The image below, which you can click on for greater detail, shows that Mereo BioPharma Group had debt of UK£16.0m at the end of June 2022, a reduction from UK£17.9m over a year. However, its balance sheet shows it holds UK£76.4m in cash, so it actually has UK£60.5m net cash.
How Strong Is Mereo BioPharma Group’s Balance Sheet?
We can see from the most recent balance sheet that Mereo BioPharma Group had liabilities of UK£35.2m falling due within a year, and liabilities of UK£3.24m due beyond that. On the other hand, it had cash of UK£76.4m and UK£2.65m worth of receivables due within a year. So it actually has UK£40.6m more liquid assets than total liabilities.

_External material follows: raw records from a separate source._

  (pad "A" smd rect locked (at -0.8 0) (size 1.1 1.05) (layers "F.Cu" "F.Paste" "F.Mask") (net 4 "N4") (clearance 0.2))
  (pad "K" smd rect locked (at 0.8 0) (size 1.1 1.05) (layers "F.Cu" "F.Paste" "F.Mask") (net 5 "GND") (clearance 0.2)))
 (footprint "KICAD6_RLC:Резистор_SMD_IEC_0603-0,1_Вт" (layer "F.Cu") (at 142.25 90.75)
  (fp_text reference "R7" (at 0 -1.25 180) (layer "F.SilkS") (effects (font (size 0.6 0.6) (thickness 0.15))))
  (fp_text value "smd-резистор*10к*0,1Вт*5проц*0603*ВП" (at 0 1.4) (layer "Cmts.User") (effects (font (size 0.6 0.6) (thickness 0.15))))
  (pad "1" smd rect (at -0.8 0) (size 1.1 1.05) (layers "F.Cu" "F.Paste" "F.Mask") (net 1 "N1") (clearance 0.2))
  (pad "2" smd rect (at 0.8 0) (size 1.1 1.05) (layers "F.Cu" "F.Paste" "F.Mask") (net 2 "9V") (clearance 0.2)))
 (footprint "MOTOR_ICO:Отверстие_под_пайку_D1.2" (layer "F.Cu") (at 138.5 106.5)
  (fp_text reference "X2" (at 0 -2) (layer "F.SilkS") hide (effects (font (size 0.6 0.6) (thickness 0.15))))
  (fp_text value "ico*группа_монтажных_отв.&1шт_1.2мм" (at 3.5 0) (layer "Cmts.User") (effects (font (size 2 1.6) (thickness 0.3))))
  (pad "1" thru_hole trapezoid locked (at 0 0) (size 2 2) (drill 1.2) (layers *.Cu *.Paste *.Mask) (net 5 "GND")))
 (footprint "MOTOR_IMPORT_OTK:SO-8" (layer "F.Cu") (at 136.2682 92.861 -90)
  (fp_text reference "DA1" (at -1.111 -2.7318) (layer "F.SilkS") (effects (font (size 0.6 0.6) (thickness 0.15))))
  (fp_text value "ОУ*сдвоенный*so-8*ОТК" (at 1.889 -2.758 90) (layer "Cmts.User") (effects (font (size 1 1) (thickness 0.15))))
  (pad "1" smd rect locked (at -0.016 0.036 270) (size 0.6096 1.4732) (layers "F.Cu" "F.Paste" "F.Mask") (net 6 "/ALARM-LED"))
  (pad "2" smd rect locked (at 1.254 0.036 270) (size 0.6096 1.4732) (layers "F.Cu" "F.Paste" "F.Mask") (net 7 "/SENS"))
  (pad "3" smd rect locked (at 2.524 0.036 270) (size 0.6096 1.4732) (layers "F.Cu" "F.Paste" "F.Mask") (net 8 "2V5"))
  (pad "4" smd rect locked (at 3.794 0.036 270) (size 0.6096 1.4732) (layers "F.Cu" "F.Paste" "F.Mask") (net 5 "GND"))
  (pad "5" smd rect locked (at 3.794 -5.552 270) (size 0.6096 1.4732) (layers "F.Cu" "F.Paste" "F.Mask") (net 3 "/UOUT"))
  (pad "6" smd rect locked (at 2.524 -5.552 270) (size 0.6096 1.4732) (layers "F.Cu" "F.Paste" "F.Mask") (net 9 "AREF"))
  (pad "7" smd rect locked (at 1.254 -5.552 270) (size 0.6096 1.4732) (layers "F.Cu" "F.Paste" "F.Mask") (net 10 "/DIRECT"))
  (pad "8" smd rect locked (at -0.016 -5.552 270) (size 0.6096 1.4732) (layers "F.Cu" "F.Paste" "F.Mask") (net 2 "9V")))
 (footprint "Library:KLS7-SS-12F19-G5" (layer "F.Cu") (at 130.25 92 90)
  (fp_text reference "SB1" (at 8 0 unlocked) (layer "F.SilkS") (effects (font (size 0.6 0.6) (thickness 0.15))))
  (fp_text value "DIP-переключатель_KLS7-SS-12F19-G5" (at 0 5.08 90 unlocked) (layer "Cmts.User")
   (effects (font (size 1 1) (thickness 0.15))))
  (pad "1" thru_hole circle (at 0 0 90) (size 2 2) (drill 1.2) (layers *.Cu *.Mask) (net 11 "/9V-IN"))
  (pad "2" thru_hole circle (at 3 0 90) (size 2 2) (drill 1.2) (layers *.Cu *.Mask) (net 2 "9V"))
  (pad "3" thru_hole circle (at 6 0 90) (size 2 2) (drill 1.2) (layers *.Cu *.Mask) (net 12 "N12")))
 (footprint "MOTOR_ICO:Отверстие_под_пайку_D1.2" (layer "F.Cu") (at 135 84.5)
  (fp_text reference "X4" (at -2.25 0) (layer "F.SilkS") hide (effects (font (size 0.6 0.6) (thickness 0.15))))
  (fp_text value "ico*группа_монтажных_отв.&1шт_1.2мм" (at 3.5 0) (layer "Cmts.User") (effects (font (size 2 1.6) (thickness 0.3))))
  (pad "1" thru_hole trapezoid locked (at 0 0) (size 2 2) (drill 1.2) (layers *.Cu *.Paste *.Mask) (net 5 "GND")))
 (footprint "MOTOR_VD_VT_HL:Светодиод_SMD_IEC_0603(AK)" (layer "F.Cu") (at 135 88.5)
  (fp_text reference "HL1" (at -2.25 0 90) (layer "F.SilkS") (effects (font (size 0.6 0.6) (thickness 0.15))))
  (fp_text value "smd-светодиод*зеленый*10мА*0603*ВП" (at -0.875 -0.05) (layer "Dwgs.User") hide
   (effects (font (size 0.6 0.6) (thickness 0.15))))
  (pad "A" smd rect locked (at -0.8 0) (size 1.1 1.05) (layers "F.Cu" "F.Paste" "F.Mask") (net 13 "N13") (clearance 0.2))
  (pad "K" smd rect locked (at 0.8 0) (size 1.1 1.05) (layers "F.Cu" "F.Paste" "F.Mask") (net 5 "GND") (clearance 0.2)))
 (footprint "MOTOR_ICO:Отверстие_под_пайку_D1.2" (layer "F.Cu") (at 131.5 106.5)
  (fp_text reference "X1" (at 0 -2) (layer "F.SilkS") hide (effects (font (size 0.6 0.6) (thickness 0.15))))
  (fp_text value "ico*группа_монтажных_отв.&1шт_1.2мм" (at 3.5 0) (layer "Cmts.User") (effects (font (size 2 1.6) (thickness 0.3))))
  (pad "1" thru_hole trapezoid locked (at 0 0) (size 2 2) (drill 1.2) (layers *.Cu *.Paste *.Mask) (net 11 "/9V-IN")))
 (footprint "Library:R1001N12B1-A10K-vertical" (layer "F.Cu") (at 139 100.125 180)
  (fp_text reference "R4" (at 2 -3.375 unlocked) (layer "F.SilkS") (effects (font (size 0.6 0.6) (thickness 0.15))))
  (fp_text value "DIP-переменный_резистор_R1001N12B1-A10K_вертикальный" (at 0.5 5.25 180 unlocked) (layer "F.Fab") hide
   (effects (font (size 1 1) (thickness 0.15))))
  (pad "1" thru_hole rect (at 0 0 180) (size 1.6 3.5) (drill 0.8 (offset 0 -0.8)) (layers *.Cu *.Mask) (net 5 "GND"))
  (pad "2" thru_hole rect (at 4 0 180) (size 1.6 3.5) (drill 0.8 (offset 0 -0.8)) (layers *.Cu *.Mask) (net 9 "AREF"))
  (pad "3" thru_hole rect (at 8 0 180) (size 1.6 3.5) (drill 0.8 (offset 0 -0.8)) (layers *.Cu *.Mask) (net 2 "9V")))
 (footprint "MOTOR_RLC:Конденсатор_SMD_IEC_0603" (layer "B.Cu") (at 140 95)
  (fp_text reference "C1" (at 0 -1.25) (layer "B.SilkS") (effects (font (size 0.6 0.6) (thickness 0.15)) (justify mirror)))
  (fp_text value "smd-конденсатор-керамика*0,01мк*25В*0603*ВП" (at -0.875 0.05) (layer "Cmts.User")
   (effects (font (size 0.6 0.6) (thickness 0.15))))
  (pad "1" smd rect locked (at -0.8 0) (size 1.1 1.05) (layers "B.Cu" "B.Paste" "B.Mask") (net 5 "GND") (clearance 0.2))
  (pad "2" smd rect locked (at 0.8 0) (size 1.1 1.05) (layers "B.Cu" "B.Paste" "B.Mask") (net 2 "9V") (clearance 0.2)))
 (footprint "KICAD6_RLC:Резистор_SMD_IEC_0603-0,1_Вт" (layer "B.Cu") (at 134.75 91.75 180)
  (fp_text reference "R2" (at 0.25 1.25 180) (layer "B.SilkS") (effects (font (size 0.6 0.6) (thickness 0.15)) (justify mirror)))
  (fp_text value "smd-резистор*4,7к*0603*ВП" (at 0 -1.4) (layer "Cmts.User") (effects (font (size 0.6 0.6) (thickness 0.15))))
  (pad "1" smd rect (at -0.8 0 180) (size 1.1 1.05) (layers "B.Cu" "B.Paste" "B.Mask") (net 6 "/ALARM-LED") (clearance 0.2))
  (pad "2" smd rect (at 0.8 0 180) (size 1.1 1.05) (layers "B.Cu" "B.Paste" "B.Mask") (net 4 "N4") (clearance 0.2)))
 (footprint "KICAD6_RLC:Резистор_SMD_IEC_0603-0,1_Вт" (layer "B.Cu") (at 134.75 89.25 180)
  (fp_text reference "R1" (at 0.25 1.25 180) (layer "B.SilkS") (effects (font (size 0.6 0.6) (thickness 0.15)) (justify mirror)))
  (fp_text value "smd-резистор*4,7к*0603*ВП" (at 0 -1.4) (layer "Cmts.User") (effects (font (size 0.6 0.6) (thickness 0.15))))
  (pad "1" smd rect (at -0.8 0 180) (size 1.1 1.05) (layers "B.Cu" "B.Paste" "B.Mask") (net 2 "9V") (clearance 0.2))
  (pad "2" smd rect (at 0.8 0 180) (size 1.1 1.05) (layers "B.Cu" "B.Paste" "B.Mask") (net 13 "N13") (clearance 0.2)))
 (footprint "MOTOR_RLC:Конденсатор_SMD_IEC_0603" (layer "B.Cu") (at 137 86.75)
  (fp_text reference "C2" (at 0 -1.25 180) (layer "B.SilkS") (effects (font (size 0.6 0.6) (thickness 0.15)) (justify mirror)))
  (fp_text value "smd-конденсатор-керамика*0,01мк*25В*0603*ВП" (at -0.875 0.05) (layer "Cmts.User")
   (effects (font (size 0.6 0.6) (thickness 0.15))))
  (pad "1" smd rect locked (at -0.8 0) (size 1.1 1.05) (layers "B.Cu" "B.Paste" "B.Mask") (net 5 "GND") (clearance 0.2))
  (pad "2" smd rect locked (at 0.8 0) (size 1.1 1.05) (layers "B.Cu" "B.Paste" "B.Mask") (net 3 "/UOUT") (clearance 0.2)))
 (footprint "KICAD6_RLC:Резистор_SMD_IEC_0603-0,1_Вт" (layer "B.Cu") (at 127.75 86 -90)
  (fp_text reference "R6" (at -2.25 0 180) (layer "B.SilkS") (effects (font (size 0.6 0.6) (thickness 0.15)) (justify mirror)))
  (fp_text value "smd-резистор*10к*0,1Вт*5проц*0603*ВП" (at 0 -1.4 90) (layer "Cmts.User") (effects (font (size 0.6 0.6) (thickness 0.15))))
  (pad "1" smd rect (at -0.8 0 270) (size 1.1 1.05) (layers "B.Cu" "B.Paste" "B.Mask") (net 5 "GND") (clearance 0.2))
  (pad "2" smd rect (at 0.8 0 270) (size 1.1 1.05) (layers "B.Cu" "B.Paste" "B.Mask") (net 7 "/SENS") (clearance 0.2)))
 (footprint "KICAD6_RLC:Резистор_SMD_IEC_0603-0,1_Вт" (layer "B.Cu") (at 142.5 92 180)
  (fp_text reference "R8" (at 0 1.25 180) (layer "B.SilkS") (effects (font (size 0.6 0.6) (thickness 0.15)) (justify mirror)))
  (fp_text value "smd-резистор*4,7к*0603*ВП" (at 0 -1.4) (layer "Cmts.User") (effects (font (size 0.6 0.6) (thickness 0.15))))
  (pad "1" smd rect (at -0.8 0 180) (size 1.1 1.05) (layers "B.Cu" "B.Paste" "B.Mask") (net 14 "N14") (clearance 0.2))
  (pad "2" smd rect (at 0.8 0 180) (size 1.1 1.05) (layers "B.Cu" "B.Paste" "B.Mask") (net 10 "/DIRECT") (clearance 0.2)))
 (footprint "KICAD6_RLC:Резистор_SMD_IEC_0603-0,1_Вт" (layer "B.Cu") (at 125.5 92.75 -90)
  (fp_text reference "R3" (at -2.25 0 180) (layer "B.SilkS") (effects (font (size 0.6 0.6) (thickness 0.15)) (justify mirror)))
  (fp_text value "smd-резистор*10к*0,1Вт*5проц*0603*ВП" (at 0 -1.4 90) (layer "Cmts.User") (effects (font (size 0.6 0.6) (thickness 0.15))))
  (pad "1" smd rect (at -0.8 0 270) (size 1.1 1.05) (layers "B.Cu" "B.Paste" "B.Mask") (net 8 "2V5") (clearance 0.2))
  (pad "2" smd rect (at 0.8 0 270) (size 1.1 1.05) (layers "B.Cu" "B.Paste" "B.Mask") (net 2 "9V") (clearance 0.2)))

This luscious liquidity implies that Mereo BioPharma Group’s balance sheet is sturdy like a giant sequoia tree. Having regard to this fact, we think its balance sheet is as strong as an ox. Simply put, the fact that Mereo BioPharma Group has more cash than debt is arguably a good indication that it can manage its debt safely. There’s no doubt that we learn most about debt from the balance sheet. But ultimately the future profitability of the business will decide if Mereo BioPharma Group can strengthen its balance sheet over time. So if you’re focused on the future you can check out this free report showing analyst profit forecasts.

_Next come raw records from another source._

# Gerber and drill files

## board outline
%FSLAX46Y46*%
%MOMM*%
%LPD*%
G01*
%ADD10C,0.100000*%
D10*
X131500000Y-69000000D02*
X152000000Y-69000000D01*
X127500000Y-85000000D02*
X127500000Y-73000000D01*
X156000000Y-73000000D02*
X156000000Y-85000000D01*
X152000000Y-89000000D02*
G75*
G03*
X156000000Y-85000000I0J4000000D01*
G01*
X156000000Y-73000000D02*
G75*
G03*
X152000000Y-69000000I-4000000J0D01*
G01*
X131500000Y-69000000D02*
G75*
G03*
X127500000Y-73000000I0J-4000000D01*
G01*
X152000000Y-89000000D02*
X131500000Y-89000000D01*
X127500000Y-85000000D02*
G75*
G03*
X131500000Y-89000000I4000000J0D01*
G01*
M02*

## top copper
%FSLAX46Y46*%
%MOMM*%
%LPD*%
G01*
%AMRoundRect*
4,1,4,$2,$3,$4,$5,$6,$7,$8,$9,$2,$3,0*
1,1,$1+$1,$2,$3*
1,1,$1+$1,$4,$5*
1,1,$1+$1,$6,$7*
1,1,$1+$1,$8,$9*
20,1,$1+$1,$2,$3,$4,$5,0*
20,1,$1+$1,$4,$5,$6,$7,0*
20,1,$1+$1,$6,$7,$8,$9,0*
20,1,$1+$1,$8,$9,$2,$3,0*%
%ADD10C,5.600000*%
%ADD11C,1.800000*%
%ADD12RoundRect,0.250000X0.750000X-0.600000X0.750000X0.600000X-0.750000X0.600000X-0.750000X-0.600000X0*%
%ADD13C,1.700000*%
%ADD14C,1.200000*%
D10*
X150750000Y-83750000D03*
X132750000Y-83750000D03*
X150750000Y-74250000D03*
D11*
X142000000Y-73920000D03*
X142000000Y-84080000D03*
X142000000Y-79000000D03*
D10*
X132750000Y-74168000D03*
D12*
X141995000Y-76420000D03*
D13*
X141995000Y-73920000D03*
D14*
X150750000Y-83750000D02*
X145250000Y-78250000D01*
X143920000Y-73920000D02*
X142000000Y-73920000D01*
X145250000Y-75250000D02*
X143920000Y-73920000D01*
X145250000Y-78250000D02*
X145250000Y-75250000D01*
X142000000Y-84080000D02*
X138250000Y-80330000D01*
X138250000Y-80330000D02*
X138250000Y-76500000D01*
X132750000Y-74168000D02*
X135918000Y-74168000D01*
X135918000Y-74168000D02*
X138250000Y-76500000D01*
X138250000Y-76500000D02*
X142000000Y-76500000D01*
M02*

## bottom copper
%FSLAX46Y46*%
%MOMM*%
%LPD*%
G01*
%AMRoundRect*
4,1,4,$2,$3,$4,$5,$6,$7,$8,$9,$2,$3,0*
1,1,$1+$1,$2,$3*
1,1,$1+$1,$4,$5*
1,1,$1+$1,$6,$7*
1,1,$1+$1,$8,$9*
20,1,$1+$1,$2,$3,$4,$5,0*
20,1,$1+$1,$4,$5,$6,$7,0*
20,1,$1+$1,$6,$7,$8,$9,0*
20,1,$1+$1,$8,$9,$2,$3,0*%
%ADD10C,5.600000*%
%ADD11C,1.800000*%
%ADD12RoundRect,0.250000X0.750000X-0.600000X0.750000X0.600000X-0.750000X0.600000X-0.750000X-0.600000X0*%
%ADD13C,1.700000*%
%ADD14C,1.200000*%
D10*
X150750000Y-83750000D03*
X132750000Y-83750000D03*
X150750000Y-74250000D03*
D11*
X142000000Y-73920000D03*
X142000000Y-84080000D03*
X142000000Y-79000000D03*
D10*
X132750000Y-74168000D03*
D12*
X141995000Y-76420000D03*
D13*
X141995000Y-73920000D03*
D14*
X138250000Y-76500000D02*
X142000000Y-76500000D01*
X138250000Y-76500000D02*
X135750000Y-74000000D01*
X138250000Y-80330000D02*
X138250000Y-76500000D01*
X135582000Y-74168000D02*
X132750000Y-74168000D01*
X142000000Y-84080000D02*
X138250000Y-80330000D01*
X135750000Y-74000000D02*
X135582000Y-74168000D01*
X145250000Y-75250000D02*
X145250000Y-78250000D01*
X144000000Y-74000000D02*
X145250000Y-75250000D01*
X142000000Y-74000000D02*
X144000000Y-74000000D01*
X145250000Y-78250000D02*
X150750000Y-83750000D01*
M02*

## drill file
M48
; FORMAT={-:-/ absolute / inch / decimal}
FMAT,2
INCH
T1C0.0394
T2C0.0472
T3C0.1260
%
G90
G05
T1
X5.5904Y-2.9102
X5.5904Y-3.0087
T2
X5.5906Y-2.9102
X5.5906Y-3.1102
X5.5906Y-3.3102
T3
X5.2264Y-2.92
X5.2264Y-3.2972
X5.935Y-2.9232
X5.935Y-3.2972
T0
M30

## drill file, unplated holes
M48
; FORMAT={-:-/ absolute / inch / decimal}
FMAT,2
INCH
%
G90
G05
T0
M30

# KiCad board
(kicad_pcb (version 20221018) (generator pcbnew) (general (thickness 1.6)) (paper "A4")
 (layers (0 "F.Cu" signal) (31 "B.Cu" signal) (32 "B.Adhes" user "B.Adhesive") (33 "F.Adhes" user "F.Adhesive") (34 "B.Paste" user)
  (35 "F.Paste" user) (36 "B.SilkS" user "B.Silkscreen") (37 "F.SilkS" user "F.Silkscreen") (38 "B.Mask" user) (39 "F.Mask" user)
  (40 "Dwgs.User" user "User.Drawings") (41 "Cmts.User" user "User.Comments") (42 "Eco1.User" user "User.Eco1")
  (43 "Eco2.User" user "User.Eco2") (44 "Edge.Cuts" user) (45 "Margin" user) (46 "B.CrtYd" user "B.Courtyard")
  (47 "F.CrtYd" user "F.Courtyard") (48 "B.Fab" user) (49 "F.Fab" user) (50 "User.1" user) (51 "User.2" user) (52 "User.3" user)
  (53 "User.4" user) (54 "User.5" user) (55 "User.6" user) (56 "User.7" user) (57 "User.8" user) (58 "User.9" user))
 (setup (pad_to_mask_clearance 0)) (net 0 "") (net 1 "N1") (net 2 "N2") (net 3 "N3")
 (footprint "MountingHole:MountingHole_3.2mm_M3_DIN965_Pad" (layer "F.Cu") (at 150.75 83.75)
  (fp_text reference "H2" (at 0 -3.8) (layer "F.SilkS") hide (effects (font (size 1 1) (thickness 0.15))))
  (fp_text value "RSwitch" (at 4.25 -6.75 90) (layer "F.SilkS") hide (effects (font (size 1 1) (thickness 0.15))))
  (pad "1" thru_hole circle (at 0 0) (size 5.6 5.6) (drill 3.2) (layers "*.Cu" "*.Mask") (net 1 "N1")))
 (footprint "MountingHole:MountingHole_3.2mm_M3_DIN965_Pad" (layer "F.Cu") (at 132.75 83.75)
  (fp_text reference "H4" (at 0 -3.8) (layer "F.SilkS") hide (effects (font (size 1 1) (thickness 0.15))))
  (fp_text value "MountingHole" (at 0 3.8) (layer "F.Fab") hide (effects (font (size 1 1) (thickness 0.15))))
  (pad "1" thru_hole circle (at 0 0) (size 5.6 5.6) (drill 3.2) (layers "*.Cu" "*.Mask")))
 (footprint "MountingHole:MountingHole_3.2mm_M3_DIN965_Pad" (layer "F.Cu") (at 150.75 74.25)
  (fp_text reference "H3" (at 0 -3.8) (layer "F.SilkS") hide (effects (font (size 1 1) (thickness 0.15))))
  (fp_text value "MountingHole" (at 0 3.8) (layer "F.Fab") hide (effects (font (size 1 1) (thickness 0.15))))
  (pad "1" thru_hole circle (at 0 0) (size 5.6 5.6) (drill 3.2) (layers "*.Cu" "*.Mask")))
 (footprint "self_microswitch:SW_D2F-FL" (layer "F.Cu") (at 142 79 90)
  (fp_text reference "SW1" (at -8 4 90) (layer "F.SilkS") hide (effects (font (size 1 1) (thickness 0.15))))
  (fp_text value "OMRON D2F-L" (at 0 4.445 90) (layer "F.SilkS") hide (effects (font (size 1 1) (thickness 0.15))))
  (pad "1" thru_hole circle (at 5.08 0 90) (size 1.8 1.8) (drill 1.2) (layers "*.Cu" "*.Mask") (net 1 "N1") (solder_mask_margin 0.102))
  (pad "2" thru_hole circle (at -5.08 0 90) (size 1.8 1.8) (drill 1.2) (layers "*.Cu" "*.Mask") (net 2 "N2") (solder_mask_margin 0.102))
  (pad "3" thru_hole circle (at 0 0 90) (size 1.8 1.8) (drill 1.2) (layers "*.Cu" "*.Mask") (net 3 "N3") (solder_mask_margin 0.102)))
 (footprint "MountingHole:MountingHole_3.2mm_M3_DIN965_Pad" (layer "F.Cu") (at 132.75 74.168)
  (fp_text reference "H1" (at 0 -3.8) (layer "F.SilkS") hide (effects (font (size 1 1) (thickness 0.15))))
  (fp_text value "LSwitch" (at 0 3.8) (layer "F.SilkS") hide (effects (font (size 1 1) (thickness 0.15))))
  (pad "1" thru_hole circle (at 0 0) (size 5.6 5.6) (drill 3.2) (layers "*.Cu" "*.Mask") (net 2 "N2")))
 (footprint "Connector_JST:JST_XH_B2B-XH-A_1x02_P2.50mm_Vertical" (layer "B.Cu") (at 141.995 76.42 90)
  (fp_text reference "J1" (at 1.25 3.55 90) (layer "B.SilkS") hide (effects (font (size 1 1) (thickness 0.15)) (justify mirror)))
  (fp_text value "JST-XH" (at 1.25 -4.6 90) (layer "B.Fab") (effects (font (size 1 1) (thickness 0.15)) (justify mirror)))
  (pad "1" thru_hole roundrect (at 0 0 90) (size 1.7 2) (drill 1) (layers "*.Cu" "*.Mask") (roundrect_rratio 0.1470588235) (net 2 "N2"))
  (pad "2" thru_hole circle (at 2.5 0 90) (size 1.7 1.7) (drill 1) (layers "*.Cu" "*.Mask") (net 1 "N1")))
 (gr_line (start 131.5 69) (end 152 69) (stroke (width 0.1) (type default)) (layer "Edge.Cuts"))
 (gr_line (start 127.5 85) (end 127.5 73) (stroke (width 0.1) (type default)) (layer "Edge.Cuts"))
 (gr_line (start 156 73) (end 156 85) (stroke (width 0.1) (type default)) (layer "Edge.Cuts"))
 (gr_arc (start 156 85) (mid 154.828427 87.828427) (end 152 89) (stroke (width 0.1) (type default)) (layer "Edge.Cuts"))
 (gr_arc (start 152 69) (mid 154.828427 70.171573) (end 156 73) (stroke (width 0.1) (type default)) (layer "Edge.Cuts"))
 (gr_arc (start 127.5 73) (mid 128.671573 70.171573) (end 131.5 69) (stroke (width 0.1) (type default)) (layer "Edge.Cuts"))
 (gr_line (start 152 89) (end 131.5 89) (stroke (width 0.1) (type default)) (layer "Edge.Cuts"))
 (gr_arc (start 131.5 89) (mid 128.671573 87.828427) (end 127.5 85) (stroke (width 0.1) (type default)) (layer "Edge.Cuts"))
 (segment (start 142 84.08) (end 138.25 80.33) (width 1.2) (layer "F.Cu") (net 2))
 (segment (start 138.25 80.33) (end 138.25 76.5) (width 1.2) (layer "F.Cu") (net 2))
 (segment (start 132.75 74.168) (end 135.918 74.168) (width 1.2) (layer "F.Cu") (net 2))
 (segment (start 135.918 74.168) (end 138.25 76.5) (width 1.2) (layer "F.Cu") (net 2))
 (segment (start 138.25 76.5) (end 142 76.5) (width 1.2) (layer "F.Cu") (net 2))
 (segment (start 138.25 76.5) (end 135.75 74) (width 1.2) (layer "B.Cu") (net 2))
 (segment (start 135.75 74) (end 135.582 74.168) (width 1.2) (layer "B.Cu") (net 2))
 (segment (start 135.582 74.168) (end 132.75 74.168) (width 1.2) (layer "B.Cu") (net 2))
 (segment (start 142 84.08) (end 138.25 80.33) (width 1.2) (layer "B.Cu") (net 2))
 (segment (start 138.25 76.5) (end 142 76.5) (width 1.2) (layer "B.Cu") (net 2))
 (segment (start 138.25 80.33) (end 138.25 76.5) (width 1.2) (layer "B.Cu") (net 2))
 (segment (start 150.75 83.75) (end 145.25 78.25) (width 1.2) (layer "F.Cu") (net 1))
 (segment (start 145.25 75.25) (end 143.92 73.92) (width 1.2) (layer "F.Cu") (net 1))
 (segment (start 143.92 73.92) (end 142 73.92) (width 1.2) (layer "F.Cu") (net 1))
 (segment (start 145.25 78.25) (end 145.25 75.25) (width 1.2) (layer "F.Cu") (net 1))
 (segment (start 145.25 75.25) (end 145.25 78.25) (width 1.2) (layer "B.Cu") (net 1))
 (segment (start 145.25 78.25) (end 150.75 83.75) (width 1.2) (layer "B.Cu") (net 1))
 (segment (start 142 74) (end 144 74) (width 1.2) (layer "B.Cu") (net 1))
 (segment (start 144 74) (end 145.25 75.25) (width 1.2) (layer "B.Cu") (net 1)))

Given its lack of meaningful operating revenue, Mereo BioPharma Group shareholders no doubt hope it can fund itself until it has a profitable product.
So How Risky Is Mereo BioPharma Group?
By their very nature companies that are losing money are more risky than those with a long history of profitability. And the fact is that over the last twelve months Mereo BioPharma Group lost money at the earnings before interest and tax (EBIT) line. And over the same period it saw negative free cash outflow of UK£33m and booked a UK£19m accounting loss. With only UK£60.5m on the balance sheet, it would appear that its going to need to raise capital again soon. Even though its balance sheet seems sufficiently liquid, debt always makes us a little nervous if a company doesn’t produce free cash flow regularly. When analyzing debt levels, the balance sheet is the obvious place to start. But ultimately, every company can contain risks that exist outside of the balance sheet. Be aware that Mereo BioPharma Group is showing 2 warning signs in our investment analysis and 1 of those is potentially serious…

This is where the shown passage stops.